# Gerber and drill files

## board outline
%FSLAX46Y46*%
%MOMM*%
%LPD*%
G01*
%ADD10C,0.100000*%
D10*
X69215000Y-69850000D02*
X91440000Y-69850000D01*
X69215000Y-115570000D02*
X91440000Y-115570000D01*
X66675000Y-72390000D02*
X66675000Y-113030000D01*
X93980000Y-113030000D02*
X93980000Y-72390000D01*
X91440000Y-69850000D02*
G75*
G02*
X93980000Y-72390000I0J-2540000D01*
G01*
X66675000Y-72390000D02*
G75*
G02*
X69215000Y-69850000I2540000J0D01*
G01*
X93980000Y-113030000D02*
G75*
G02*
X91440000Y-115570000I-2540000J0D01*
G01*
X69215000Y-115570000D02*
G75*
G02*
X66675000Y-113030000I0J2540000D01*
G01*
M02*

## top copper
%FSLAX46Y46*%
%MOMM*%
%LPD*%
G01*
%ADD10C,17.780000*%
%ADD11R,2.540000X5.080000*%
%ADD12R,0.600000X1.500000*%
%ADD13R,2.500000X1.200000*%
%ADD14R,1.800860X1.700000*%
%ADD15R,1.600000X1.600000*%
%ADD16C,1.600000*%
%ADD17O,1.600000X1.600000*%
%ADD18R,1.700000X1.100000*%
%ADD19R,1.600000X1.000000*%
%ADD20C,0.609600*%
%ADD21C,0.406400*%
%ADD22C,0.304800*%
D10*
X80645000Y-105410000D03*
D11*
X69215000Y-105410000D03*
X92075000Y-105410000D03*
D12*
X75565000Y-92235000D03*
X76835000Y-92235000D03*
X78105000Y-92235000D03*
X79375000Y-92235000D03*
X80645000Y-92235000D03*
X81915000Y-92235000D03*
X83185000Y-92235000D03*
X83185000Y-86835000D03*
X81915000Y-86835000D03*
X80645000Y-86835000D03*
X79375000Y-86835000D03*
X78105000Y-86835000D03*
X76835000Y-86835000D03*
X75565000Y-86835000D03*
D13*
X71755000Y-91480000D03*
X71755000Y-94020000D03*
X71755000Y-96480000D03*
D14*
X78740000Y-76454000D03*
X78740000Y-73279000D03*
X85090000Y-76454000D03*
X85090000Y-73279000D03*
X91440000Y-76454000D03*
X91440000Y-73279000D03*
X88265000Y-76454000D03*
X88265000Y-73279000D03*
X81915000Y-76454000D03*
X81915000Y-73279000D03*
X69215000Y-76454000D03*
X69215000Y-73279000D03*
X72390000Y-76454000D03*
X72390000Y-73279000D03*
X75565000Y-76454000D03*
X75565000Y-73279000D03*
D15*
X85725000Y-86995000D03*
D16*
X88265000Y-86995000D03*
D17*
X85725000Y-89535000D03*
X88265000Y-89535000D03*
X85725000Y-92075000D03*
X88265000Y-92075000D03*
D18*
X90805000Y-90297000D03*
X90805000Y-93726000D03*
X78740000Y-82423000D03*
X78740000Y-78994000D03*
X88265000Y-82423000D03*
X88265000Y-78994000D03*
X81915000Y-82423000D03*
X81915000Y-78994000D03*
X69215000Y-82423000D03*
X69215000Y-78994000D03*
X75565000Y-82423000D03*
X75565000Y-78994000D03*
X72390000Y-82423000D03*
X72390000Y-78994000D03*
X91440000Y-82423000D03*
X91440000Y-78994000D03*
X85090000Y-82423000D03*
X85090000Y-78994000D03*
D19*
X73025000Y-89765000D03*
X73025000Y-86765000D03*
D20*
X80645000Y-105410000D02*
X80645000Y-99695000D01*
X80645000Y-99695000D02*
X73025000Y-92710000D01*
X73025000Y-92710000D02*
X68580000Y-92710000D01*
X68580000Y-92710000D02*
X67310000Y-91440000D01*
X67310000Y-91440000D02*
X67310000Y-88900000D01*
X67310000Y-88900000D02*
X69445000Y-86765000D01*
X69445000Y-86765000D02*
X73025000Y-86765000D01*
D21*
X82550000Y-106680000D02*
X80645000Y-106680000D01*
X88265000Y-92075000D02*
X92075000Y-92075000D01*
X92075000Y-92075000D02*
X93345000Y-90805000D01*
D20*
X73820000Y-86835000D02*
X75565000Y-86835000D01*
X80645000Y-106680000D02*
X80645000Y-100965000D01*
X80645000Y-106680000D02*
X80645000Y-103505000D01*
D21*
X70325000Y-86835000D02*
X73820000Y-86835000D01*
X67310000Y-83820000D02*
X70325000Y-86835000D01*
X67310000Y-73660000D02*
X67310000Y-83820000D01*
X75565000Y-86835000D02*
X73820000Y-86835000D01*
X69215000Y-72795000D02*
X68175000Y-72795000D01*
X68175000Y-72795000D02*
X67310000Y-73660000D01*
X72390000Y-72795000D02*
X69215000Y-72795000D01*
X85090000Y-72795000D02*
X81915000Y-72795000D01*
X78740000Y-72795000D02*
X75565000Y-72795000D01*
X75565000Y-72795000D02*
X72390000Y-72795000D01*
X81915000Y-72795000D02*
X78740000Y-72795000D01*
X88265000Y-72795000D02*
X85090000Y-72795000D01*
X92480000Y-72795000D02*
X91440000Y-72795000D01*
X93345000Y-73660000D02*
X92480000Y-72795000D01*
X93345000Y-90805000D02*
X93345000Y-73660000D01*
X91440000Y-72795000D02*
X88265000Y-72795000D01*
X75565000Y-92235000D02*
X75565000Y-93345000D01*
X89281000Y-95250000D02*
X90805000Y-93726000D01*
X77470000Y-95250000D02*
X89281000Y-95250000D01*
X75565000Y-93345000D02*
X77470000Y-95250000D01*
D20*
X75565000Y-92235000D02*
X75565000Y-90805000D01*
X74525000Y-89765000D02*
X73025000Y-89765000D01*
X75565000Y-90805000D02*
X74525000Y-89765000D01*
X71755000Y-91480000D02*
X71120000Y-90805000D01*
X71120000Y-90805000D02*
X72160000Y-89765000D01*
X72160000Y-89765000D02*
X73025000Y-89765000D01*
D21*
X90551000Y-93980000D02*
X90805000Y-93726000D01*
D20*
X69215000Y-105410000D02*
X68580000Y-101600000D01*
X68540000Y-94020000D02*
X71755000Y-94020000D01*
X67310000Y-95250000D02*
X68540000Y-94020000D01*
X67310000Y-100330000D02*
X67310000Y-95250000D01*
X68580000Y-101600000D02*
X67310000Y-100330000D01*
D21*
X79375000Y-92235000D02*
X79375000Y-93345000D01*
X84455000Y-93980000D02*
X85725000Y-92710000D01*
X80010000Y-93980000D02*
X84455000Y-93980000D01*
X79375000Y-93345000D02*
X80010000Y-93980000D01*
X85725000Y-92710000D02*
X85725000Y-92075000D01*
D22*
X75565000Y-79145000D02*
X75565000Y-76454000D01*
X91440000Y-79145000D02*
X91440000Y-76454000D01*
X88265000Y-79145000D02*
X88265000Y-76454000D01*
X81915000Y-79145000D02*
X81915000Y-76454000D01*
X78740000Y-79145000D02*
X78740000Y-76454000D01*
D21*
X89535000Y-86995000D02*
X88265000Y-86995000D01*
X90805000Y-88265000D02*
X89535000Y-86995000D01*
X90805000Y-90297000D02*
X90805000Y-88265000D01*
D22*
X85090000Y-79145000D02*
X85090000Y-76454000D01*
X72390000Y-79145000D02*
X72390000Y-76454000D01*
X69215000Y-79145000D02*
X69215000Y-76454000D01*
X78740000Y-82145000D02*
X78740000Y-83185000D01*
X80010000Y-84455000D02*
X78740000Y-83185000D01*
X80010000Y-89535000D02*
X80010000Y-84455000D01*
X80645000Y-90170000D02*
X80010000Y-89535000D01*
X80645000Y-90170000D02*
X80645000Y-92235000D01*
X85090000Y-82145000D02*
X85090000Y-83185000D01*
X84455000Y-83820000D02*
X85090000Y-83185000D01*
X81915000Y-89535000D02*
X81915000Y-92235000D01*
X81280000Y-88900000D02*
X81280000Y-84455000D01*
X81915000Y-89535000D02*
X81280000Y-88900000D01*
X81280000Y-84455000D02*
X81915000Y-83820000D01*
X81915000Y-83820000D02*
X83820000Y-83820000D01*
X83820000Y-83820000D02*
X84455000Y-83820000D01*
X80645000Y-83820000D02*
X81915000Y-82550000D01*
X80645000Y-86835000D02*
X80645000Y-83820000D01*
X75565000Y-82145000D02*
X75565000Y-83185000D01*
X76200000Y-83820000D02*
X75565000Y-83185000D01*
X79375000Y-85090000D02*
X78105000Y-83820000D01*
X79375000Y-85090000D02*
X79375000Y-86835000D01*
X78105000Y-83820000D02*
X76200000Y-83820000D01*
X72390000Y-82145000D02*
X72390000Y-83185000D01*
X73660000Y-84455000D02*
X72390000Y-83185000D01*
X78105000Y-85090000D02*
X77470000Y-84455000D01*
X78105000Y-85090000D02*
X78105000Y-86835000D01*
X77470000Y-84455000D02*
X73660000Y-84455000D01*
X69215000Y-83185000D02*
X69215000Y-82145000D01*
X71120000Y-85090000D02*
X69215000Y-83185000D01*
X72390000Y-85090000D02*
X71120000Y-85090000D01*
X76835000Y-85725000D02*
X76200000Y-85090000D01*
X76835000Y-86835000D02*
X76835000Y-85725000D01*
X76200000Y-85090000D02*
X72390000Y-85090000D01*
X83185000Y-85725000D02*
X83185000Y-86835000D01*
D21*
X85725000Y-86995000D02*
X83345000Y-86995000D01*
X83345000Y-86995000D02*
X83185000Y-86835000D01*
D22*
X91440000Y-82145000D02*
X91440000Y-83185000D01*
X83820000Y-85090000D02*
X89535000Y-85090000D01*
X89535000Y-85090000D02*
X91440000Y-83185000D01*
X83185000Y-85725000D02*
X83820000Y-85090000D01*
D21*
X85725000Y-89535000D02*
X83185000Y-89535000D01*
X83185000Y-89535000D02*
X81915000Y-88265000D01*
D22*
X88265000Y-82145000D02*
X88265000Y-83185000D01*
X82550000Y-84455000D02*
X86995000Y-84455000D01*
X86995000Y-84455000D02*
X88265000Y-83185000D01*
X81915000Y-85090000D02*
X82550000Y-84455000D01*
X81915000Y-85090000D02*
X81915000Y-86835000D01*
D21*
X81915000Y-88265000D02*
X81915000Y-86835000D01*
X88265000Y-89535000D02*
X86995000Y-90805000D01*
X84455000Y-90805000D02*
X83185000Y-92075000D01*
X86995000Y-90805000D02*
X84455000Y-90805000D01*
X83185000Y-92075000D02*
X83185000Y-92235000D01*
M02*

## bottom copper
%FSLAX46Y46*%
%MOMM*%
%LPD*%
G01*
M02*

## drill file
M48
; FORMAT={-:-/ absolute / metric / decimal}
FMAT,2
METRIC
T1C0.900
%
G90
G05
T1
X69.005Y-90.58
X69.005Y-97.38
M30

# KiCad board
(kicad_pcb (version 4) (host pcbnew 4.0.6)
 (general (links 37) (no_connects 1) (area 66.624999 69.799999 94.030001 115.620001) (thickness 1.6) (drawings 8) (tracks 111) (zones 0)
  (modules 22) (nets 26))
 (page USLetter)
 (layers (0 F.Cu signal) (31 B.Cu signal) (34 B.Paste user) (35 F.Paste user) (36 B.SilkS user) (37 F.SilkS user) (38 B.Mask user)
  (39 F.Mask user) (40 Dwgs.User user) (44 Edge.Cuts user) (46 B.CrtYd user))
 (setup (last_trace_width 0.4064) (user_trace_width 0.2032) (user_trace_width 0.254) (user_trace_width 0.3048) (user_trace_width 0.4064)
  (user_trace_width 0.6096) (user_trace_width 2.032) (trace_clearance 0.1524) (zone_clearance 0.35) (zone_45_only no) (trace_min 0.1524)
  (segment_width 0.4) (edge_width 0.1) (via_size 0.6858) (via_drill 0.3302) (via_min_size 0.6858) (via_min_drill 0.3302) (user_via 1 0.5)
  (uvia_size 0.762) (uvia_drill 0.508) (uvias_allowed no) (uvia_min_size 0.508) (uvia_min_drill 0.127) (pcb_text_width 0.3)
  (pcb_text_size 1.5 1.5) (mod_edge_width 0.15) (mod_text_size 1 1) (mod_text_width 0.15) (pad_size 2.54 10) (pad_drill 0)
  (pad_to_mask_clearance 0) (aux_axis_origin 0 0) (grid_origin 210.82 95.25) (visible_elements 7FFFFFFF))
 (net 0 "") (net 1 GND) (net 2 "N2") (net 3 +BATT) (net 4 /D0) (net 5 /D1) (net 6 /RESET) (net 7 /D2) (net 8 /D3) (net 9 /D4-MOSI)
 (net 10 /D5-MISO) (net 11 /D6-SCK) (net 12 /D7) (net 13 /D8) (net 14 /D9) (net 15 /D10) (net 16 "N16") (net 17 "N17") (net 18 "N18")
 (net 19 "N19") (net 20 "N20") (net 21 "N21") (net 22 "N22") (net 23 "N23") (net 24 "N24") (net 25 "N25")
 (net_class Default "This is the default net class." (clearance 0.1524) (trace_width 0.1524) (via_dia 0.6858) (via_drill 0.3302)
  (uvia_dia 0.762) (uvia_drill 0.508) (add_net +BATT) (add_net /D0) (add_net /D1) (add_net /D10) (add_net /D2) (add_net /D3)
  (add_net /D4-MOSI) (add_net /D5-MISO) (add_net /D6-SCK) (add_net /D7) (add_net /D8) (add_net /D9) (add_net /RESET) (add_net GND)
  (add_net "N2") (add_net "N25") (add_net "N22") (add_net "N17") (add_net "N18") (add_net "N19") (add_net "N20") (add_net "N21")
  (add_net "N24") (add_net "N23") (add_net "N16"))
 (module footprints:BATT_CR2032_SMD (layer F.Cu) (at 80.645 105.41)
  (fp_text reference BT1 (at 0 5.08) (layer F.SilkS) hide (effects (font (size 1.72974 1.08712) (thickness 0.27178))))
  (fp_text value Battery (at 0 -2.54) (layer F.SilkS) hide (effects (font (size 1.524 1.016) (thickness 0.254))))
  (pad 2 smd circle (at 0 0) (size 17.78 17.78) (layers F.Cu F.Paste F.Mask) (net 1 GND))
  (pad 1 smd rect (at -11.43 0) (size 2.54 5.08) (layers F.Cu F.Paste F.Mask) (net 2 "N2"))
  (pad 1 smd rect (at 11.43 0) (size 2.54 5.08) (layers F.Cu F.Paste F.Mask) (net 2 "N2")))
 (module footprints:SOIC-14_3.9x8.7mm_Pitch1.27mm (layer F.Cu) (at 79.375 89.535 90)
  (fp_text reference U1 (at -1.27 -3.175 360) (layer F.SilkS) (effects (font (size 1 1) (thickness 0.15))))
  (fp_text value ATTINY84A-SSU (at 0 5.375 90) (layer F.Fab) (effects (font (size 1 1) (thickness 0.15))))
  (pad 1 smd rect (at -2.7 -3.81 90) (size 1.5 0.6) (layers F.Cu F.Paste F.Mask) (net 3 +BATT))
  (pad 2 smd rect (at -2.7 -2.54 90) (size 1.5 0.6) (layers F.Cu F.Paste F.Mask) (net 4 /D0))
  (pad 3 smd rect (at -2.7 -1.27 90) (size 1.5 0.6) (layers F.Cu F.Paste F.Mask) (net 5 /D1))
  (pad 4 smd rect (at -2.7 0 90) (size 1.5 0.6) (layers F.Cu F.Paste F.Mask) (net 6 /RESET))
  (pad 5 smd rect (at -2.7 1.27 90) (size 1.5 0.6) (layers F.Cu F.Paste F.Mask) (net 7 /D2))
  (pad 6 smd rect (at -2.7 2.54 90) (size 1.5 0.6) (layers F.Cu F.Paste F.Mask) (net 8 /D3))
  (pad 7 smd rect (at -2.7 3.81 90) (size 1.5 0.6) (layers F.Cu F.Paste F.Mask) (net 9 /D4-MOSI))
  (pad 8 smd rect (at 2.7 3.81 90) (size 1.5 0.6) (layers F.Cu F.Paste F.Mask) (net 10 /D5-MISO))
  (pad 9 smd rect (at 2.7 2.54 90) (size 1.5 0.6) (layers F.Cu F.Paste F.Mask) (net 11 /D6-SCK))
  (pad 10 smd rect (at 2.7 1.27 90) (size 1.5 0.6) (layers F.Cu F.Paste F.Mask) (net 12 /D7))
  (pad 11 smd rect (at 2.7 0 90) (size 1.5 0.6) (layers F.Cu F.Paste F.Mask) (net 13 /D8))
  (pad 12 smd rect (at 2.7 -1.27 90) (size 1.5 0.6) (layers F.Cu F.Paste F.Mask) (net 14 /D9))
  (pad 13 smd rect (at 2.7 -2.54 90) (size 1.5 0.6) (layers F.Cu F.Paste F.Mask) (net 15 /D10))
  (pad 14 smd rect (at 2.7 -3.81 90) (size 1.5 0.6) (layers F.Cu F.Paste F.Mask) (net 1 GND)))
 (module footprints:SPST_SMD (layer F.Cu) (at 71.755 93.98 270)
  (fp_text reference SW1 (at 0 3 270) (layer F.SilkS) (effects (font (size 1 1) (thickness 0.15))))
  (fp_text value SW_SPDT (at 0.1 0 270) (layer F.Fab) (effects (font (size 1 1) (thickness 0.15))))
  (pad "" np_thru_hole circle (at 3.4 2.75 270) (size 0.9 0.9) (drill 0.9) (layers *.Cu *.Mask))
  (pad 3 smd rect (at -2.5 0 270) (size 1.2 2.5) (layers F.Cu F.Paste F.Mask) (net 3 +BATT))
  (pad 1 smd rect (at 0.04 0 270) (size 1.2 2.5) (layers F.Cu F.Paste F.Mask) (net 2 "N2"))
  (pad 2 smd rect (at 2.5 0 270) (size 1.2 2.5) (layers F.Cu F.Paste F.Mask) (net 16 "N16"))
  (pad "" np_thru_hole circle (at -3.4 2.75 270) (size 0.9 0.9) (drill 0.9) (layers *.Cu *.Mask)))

------------------------------

## ASSIGNMENT:
Once you reach the line with "## top copper" in the data above, copy it and every line after it exactly, up to and including the line with "X76835000Y-92235000D03*".

## ANSWER BELOW:
## top copper
%FSLAX46Y46*%
%MOMM*%
%LPD*%
G01*
%ADD10C,17.780000*%
%ADD11R,2.540000X5.080000*%
%ADD12R,0.600000X1.500000*%
%ADD13R,2.500000X1.200000*%
%ADD14R,1.800860X1.700000*%
%ADD15R,1.600000X1.600000*%
%ADD16C,1.600000*%
%ADD17O,1.600000X1.600000*%
%ADD18R,1.700000X1.100000*%
%ADD19R,1.600000X1.000000*%
%ADD20C,0.609600*%
%ADD21C,0.406400*%
%ADD22C,0.304800*%
D10*
X80645000Y-105410000D03*
D11*
X69215000Y-105410000D03*
X92075000Y-105410000D03*
D12*
X75565000Y-92235000D03*
X76835000Y-92235000D03*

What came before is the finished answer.